Une étude de l’université de Yale et d’Oxford prédit que tous les métiers, y compris intellectuels, seraient automatisables d’ici 100 ans. Crédible ?

Il n’y a là aucune fatalité. Ce genre d’anticipation distrait, par contre, de problèmes que posent le développement et le déploiement d’IAs dont la phase de « test » risque bien de durer pendant toute leur durée de vie. Les IAs de type ChatGPT ont été déployés sans avoir passé aucun des tests (robustesse, fiabilité, innocuité…) s’imposant normalement aux produits industriels avant toute mise sur le marché. Cet «exceptionnalisme numérique » ne se justifie que par une idéologie de l’innovation déconnectée de toute idée de progrès social, et qui tend à faire négliger tout principe de responsabilité, de précaution, de « soutenabilité ». Cela atteste, surtout, l’irresponsabilité des entreprises conceptrices de ces systèmes, du très faible niveau de réticence du public à l’égard de tout type d’innovation technologique malgré les risques (désinformation, cybersécurité, atteintes à la protection de la vie privée, propriété intellectuelle, automatisation du plagiat…)
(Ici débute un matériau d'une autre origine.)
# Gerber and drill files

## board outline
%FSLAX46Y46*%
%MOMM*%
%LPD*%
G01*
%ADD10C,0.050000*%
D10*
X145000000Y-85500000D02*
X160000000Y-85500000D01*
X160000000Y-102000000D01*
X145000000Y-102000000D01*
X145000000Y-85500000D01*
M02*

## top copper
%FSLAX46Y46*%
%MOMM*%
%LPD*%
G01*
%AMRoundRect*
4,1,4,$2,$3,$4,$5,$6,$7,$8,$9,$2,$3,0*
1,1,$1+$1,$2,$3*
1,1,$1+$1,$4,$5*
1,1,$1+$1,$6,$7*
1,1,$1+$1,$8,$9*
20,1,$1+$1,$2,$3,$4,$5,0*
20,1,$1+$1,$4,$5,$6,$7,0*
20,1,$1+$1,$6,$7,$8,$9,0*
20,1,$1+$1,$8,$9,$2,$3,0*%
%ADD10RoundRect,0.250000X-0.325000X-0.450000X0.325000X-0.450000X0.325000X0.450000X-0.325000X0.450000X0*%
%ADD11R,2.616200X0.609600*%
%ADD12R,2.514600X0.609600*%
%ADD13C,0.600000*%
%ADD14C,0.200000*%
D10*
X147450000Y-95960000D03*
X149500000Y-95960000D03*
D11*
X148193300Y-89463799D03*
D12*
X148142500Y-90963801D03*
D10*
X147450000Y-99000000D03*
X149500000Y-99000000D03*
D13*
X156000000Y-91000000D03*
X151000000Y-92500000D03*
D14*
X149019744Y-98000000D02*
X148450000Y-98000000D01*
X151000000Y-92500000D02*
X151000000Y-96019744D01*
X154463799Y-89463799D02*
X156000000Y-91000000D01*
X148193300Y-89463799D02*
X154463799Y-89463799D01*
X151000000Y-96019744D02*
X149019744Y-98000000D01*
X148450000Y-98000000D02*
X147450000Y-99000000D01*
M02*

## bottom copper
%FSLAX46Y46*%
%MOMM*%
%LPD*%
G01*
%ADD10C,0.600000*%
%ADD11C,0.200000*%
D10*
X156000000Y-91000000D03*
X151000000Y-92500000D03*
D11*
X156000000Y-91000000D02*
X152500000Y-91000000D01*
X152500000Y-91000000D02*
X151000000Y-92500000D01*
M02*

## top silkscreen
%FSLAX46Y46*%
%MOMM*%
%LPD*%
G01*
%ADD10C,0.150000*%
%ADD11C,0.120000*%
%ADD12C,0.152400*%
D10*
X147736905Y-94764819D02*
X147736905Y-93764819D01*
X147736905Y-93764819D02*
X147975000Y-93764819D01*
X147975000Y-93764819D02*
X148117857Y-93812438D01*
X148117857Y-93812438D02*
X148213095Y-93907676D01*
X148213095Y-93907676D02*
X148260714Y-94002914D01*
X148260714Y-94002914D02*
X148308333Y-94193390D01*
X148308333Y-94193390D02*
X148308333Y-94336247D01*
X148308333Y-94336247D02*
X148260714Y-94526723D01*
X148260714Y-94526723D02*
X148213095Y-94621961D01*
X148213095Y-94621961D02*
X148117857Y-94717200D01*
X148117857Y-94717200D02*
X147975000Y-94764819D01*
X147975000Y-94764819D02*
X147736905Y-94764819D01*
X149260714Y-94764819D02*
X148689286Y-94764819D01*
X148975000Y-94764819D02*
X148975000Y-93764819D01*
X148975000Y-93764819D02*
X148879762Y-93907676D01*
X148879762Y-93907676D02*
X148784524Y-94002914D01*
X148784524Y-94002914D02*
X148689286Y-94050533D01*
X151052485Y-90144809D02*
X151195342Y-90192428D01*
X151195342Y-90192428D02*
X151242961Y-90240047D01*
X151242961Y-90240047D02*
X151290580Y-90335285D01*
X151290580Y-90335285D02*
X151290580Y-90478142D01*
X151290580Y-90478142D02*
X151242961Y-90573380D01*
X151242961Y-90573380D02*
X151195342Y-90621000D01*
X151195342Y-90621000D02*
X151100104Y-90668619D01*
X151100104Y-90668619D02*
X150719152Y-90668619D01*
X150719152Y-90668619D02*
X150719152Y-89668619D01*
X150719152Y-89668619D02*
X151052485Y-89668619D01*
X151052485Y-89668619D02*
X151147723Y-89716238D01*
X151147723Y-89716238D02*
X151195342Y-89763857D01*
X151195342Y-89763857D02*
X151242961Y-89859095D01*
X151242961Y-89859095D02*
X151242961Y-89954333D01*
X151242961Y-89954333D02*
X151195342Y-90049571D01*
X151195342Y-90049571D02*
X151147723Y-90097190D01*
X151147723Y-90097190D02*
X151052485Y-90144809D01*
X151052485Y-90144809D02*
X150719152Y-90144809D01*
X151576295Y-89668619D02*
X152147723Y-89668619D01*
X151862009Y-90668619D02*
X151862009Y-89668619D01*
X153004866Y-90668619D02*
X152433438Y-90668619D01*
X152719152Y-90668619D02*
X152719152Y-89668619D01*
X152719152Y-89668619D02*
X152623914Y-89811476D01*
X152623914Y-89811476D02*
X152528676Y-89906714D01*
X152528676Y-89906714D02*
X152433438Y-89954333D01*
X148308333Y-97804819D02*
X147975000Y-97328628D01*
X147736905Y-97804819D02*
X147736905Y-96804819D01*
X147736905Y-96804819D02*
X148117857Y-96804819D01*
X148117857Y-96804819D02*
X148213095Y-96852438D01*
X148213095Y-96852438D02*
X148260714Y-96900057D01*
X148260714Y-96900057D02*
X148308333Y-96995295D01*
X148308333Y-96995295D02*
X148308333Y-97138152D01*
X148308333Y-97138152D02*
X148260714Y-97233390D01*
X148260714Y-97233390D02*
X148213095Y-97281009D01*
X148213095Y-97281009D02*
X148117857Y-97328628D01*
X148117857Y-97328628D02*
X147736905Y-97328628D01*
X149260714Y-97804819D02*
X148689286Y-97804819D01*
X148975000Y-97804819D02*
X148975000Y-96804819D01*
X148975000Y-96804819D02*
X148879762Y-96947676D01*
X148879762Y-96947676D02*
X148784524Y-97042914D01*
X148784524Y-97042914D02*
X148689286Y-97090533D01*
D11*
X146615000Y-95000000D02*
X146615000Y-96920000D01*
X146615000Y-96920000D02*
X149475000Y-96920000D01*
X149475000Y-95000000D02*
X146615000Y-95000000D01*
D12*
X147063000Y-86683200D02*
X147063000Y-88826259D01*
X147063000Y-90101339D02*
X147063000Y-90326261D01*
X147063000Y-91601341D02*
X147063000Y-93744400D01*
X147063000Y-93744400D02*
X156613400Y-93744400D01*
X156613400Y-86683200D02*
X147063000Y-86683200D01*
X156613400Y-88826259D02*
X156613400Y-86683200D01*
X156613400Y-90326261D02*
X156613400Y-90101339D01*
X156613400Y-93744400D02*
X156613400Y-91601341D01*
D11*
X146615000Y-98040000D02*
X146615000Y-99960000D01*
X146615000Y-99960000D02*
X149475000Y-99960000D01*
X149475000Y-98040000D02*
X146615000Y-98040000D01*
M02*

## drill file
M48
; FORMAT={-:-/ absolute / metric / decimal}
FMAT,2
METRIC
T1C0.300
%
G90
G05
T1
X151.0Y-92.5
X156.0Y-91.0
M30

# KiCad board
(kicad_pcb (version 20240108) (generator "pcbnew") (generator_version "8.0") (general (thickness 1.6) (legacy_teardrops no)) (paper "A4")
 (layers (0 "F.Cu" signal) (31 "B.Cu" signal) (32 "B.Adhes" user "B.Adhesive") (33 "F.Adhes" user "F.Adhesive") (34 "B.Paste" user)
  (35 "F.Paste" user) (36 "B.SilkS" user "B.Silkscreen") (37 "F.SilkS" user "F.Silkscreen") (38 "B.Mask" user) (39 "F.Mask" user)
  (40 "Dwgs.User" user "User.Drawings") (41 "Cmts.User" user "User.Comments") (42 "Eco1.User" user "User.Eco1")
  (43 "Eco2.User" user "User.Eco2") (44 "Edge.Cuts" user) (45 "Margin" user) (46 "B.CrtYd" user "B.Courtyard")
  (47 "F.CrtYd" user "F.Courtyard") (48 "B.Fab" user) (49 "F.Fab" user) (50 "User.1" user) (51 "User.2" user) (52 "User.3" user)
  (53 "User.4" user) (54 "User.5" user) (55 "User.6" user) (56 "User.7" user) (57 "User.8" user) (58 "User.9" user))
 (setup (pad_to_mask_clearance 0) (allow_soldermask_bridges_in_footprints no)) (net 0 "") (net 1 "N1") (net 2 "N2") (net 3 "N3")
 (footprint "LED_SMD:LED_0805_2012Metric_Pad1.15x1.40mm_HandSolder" (layer "F.Cu") (at 148.475 95.96)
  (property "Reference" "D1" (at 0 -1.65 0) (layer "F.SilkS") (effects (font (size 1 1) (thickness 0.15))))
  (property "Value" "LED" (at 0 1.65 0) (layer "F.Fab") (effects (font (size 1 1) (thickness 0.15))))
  (fp_line (start -1.86 -0.96) (end -1.86 0.96) (stroke (width 0.12) (type solid)) (layer "F.SilkS"))
  (fp_line (start -1.86 0.96) (end 1 0.96) (stroke (width 0.12) (type solid)) (layer "F.SilkS"))
  (fp_line (start 1 -0.96) (end -1.86 -0.96) (stroke (width 0.12) (type solid)) (layer "F.SilkS"))
  (pad "1" smd roundrect (at -1.025 0) (size 1.15 1.4) (layers "F.Cu" "F.Paste" "F.Mask") (roundrect_rratio 0.217391) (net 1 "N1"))
  (pad "2" smd roundrect (at 1.025 0) (size 1.15 1.4) (layers "F.Cu" "F.Paste" "F.Mask") (roundrect_rratio 0.217391) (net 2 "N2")))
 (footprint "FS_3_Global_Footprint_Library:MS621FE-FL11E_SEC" (layer "F.Cu") (at 151.8382 90.2138)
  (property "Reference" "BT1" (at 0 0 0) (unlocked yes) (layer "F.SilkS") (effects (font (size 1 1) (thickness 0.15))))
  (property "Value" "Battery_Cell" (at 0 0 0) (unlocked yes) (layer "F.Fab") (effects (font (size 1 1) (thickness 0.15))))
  (fp_line (start -4.7752 -3.5306) (end -4.7752 -1.387541) (stroke (width 0.1524) (type solid)) (layer "F.SilkS"))
  (fp_line (start -4.7752 -0.112461) (end -4.7752 0.112461) (stroke (width 0.1524) (type solid)) (layer "F.SilkS"))
  (fp_line (start -4.7752 1.387541) (end -4.7752 3.5306) (stroke (width 0.1524) (type solid)) (layer "F.SilkS"))
  (fp_line (start -4.7752 3.5306) (end 4.7752 3.5306) (stroke (width 0.1524) (type solid)) (layer "F.SilkS"))
  (fp_line (start 4.7752 -3.5306) (end -4.7752 -3.5306) (stroke (width 0.1524) (type solid)) (layer "F.SilkS"))
  (fp_line (start 4.7752 -1.387541) (end 4.7752 -3.5306) (stroke (width 0.1524) (type solid)) (layer "F.SilkS"))
  (fp_line (start 4.7752 0.112461) (end 4.7752 -0.112461) (stroke (width 0.1524) (type solid)) (layer "F.SilkS"))
  (fp_line (start 4.7752 3.5306) (end 4.7752 1.387541) (stroke (width 0.1524) (type solid)) (layer "F.SilkS"))
  (pad "1" smd rect (at -3.6449 -0.750001) (size 2.6162 0.6096) (layers "F.Cu" "F.Paste" "F.Mask") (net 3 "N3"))
  (pad "2" smd rect (at -3.6957 0.750001) (size 2.5146 0.6096) (layers "F.Cu" "F.Paste" "F.Mask") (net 1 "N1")))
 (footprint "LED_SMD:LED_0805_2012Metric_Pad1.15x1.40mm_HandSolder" (layer "F.Cu") (at 148.475 99)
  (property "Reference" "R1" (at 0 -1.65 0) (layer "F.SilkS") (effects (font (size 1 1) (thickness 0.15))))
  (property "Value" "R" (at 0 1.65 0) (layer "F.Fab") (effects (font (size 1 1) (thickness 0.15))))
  (fp_line (start -1.86 -0.96) (end -1.86 0.96) (stroke (width 0.12) (type solid)) (layer "F.SilkS"))
  (fp_line (start -1.86 0.96) (end 1 0.96) (stroke (width 0.12) (type solid)) (layer "F.SilkS"))
  (fp_line (start 1 -0.96) (end -1.86 -0.96) (stroke (width 0.12) (type solid)) (layer "F.SilkS"))
  (pad "1" smd roundrect (at -1.025 0) (size 1.15 1.4) (layers "F.Cu" "F.Paste" "F.Mask") (roundrect_rratio 0.217391) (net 3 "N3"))
  (pad "2" smd roundrect (at 1.025 0) (size 1.15 1.4) (layers "F.Cu" "F.Paste" "F.Mask") (roundrect_rratio 0.217391) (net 2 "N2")))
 (gr_rect (start 145 85.5) (end 160 102) (stroke (width 0.05) (type default)) (fill none) (layer "Edge.Cuts"))
 (segment (start 149.019744 98) (end 148.45 98) (width 0.2) (layer "F.Cu") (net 3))
 (segment (start 151 92.5) (end 151 96.019744) (width 0.2) (layer "F.Cu") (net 3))
 (segment (start 154.463799 89.463799) (end 156 91) (width 0.2) (layer "F.Cu") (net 3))
 (segment (start 148.1933 89.463799) (end 154.463799 89.463799) (width 0.2) (layer "F.Cu") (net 3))
 (segment (start 151 96.019744) (end 149.019744 98) (width 0.2) (layer "F.Cu") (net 3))
 (segment (start 148.45 98) (end 147.45 99) (width 0.2) (layer "F.Cu") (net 3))
 (via (at 156 91) (size 0.6) (drill 0.3) (layers "F.Cu" "B.Cu") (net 3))
 (via (at 151 92.5) (size 0.6) (drill 0.3) (layers "F.Cu" "B.Cu") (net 3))
 (segment (start 156 91) (end 152.5 91) (width 0.2) (layer "B.Cu") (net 3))
 (segment (start 152.5 91) (end 151 92.5) (width 0.2) (layer "B.Cu") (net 3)))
Dans le monde de la justice, qu’on estime souvent l’un des plus exposés (en Estonie, par exemple, on a mis en place un juge robot pour les litiges mineurs). Imaginez-vous une place prééminente de l’intelligence artificielle dans ce milieu ?
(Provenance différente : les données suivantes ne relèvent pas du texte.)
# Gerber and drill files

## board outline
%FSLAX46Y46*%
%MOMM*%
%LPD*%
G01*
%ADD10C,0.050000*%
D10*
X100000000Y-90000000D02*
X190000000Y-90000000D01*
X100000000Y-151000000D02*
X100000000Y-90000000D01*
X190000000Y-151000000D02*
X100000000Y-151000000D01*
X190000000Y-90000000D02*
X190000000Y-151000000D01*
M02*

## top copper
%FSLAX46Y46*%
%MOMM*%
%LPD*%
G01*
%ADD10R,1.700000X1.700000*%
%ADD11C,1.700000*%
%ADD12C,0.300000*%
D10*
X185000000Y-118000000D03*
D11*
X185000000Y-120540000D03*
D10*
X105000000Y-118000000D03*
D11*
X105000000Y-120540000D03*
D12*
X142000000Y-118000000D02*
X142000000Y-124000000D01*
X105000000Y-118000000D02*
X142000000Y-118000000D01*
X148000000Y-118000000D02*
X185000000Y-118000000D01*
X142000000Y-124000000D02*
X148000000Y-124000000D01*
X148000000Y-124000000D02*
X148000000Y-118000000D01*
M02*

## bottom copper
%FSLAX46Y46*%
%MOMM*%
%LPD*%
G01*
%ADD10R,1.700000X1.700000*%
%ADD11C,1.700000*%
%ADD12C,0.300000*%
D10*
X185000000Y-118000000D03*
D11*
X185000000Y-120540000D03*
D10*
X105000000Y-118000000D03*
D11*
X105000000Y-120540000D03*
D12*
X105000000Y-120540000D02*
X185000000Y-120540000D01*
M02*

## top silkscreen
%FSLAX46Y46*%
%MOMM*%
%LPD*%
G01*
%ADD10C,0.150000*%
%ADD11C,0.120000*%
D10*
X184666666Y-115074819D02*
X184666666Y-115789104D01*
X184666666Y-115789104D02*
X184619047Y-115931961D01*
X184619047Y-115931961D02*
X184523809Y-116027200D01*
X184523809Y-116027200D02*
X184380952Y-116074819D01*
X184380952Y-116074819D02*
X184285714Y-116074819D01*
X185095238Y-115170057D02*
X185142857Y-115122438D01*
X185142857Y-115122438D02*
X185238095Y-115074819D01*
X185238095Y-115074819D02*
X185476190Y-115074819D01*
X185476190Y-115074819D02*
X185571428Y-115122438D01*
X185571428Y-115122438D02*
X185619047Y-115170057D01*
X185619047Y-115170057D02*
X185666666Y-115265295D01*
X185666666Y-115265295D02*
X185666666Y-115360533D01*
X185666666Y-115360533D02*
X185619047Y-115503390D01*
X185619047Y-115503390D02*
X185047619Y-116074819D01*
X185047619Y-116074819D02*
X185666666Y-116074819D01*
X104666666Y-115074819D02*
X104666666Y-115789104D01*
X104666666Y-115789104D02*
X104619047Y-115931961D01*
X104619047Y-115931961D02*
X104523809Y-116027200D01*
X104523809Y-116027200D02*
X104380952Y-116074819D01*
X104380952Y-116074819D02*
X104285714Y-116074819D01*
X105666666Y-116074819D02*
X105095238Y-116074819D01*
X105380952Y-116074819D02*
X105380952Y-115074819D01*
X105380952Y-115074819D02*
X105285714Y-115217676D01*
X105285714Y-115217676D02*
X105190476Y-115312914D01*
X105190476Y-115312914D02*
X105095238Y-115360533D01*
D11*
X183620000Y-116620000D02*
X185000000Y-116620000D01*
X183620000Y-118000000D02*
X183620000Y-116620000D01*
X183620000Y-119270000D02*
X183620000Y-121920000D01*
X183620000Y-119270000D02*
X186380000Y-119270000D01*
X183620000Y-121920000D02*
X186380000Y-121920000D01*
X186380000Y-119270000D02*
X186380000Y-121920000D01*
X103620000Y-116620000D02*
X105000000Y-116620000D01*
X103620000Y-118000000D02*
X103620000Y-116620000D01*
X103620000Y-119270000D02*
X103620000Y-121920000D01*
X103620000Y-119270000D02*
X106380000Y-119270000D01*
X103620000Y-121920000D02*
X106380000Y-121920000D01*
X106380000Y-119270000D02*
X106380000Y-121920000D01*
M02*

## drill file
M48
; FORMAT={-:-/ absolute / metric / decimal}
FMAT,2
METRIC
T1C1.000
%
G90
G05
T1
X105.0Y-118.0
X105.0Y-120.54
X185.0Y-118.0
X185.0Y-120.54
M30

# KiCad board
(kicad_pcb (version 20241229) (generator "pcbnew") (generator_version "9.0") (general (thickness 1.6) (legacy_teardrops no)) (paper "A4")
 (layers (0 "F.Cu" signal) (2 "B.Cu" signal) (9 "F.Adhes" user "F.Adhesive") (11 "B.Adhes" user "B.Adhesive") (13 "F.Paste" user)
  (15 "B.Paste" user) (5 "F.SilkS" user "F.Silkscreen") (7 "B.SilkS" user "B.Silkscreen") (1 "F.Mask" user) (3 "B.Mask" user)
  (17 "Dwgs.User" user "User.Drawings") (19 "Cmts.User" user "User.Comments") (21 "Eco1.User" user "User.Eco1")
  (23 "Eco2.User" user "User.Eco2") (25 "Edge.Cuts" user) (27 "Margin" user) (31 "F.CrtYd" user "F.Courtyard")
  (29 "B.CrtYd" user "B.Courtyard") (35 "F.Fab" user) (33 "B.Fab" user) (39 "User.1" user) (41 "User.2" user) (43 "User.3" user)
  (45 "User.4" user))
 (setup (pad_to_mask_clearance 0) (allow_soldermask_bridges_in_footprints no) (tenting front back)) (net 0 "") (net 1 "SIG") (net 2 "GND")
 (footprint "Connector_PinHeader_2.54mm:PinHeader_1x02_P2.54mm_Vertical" (layer "F.Cu") (at 185 118)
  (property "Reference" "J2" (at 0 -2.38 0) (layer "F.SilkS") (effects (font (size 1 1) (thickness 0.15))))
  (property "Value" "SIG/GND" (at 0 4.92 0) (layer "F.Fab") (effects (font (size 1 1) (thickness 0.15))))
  (fp_line (start -1.38 -1.38) (end 0 -1.38) (stroke (width 0.12) (type solid)) (layer "F.SilkS"))
  (fp_line (start -1.38 0) (end -1.38 -1.38) (stroke (width 0.12) (type solid)) (layer "F.SilkS"))
  (fp_line (start -1.38 1.27) (end -1.38 3.92) (stroke (width 0.12) (type solid)) (layer "F.SilkS"))
  (fp_line (start -1.38 1.27) (end 1.38 1.27) (stroke (width 0.12) (type solid)) (layer "F.SilkS"))
  (fp_line (start -1.38 3.92) (end 1.38 3.92) (stroke (width 0.12) (type solid)) (layer "F.SilkS"))
  (fp_line (start 1.38 1.27) (end 1.38 3.92) (stroke (width 0.12) (type solid)) (layer "F.SilkS"))
  (pad "1" thru_hole rect (at 0 0) (size 1.7 1.7) (drill 1) (layers "*.Cu" "*.Mask") (remove_unused_layers no) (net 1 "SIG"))
  (pad "2" thru_hole circle (at 0 2.54) (size 1.7 1.7) (drill 1) (layers "*.Cu" "*.Mask") (remove_unused_layers no) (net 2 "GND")))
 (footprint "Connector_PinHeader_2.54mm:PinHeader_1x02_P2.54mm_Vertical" (layer "F.Cu") (at 105 118)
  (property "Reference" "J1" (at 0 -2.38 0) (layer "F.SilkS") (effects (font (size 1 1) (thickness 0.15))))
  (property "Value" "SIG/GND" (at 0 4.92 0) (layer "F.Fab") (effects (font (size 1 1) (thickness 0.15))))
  (fp_line (start -1.38 -1.38) (end 0 -1.38) (stroke (width 0.12) (type solid)) (layer "F.SilkS"))
  (fp_line (start -1.38 0) (end -1.38 -1.38) (stroke (width 0.12) (type solid)) (layer "F.SilkS"))
  (fp_line (start -1.38 1.27) (end -1.38 3.92) (stroke (width 0.12) (type solid)) (layer "F.SilkS"))
  (fp_line (start -1.38 1.27) (end 1.38 1.27) (stroke (width 0.12) (type solid)) (layer "F.SilkS"))
  (fp_line (start -1.38 3.92) (end 1.38 3.92) (stroke (width 0.12) (type solid)) (layer "F.SilkS"))
  (fp_line (start 1.38 1.27) (end 1.38 3.92) (stroke (width 0.12) (type solid)) (layer "F.SilkS"))
  (pad "1" thru_hole rect (at 0 0) (size 1.7 1.7) (drill 1) (layers "*.Cu" "*.Mask") (remove_unused_layers no) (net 1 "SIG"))
  (pad "2" thru_hole circle (at 0 2.54) (size 1.7 1.7) (drill 1) (layers "*.Cu" "*.Mask") (remove_unused_layers no) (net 2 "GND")))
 (gr_line (start 100 90) (end 190 90) (stroke (width 0.05) (type default)) (layer "Edge.Cuts"))
 (gr_line (start 100 151) (end 100 90) (stroke (width 0.05) (type default)) (layer "Edge.Cuts"))
 (gr_line (start 190 151) (end 100 151) (stroke (width 0.05) (type default)) (layer "Edge.Cuts"))
 (gr_line (start 190 90) (end 190 151) (stroke (width 0.05) (type default)) (layer "Edge.Cuts"))
 (segment (start 142 118) (end 142 124) (width 0.3) (layer "F.Cu") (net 1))
 (segment (start 105 118) (end 142 118) (width 0.3) (layer "F.Cu") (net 1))
 (segment (start 148 118) (end 185 118) (width 0.3) (layer "F.Cu") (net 1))
 (segment (start 142 124) (end 148 124) (width 0.3) (layer "F.Cu") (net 1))
 (segment (start 148 124) (end 148 118) (width 0.3) (layer "F.Cu") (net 1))
 (segment (start 105 120.54) (end 185 120.54) (width 0.3) (layer "B.Cu") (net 2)))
Les juristes ont toutes les raisons du monde de se défier de systèmes qui sont certes capables de synthétiser une très vaste diversité de signaux numériques, mais incapables de conférer un sens quelconque au résultat de cette synthèse. Si la recherche par mots clés dans les bases de données de la législation et de la jurisprudence est essentiel au travail du juriste, elle ne suffit jamais à produire une plaidoirie ni une décision de justice, tout simplement parce que ni l’interprétation, ni le jugement ne sont réductibles au résultat d’un calcul fondé sur la détection quantitative, statistique, d’occurrences de mots à la suite les uns des autres. D’autant qu’étant pré-entraînés sur des vastes ensembles de données reflétant passivement les rapports de force et de domination endémiques dans la société, les algorithmes ont eux aussi tendance à reproduire plutôt qu’à amender l’état de fait. Seule l’interprétation courageuse des juges peut à cet égard faire évoluer la normativité vers un idéal de justice irréductible à l’optimisation d’un état de fait.

Voyez-vous des impacts positifs de l’IA ?

Avec cette « seconde vague » d’IA transformatrice – comme les Generative Pre-trained Transformers (GPTs) -, les algorithmes ne se contentent plus d’ordonnancer un monde préexistant, ils génèrent ou créent de nouveaux « objets » (textes, images, sons, vidéos) au départ de très grands ensembles de données. N’importe qui peut à présent faire produire des « œuvres » par l’IA et ce n’est pas un mal en soi, mais face à cette prolifération, tous les métiers qui requièrent l’interprétation et l’évaluation gagnent encore un peu plus en importance.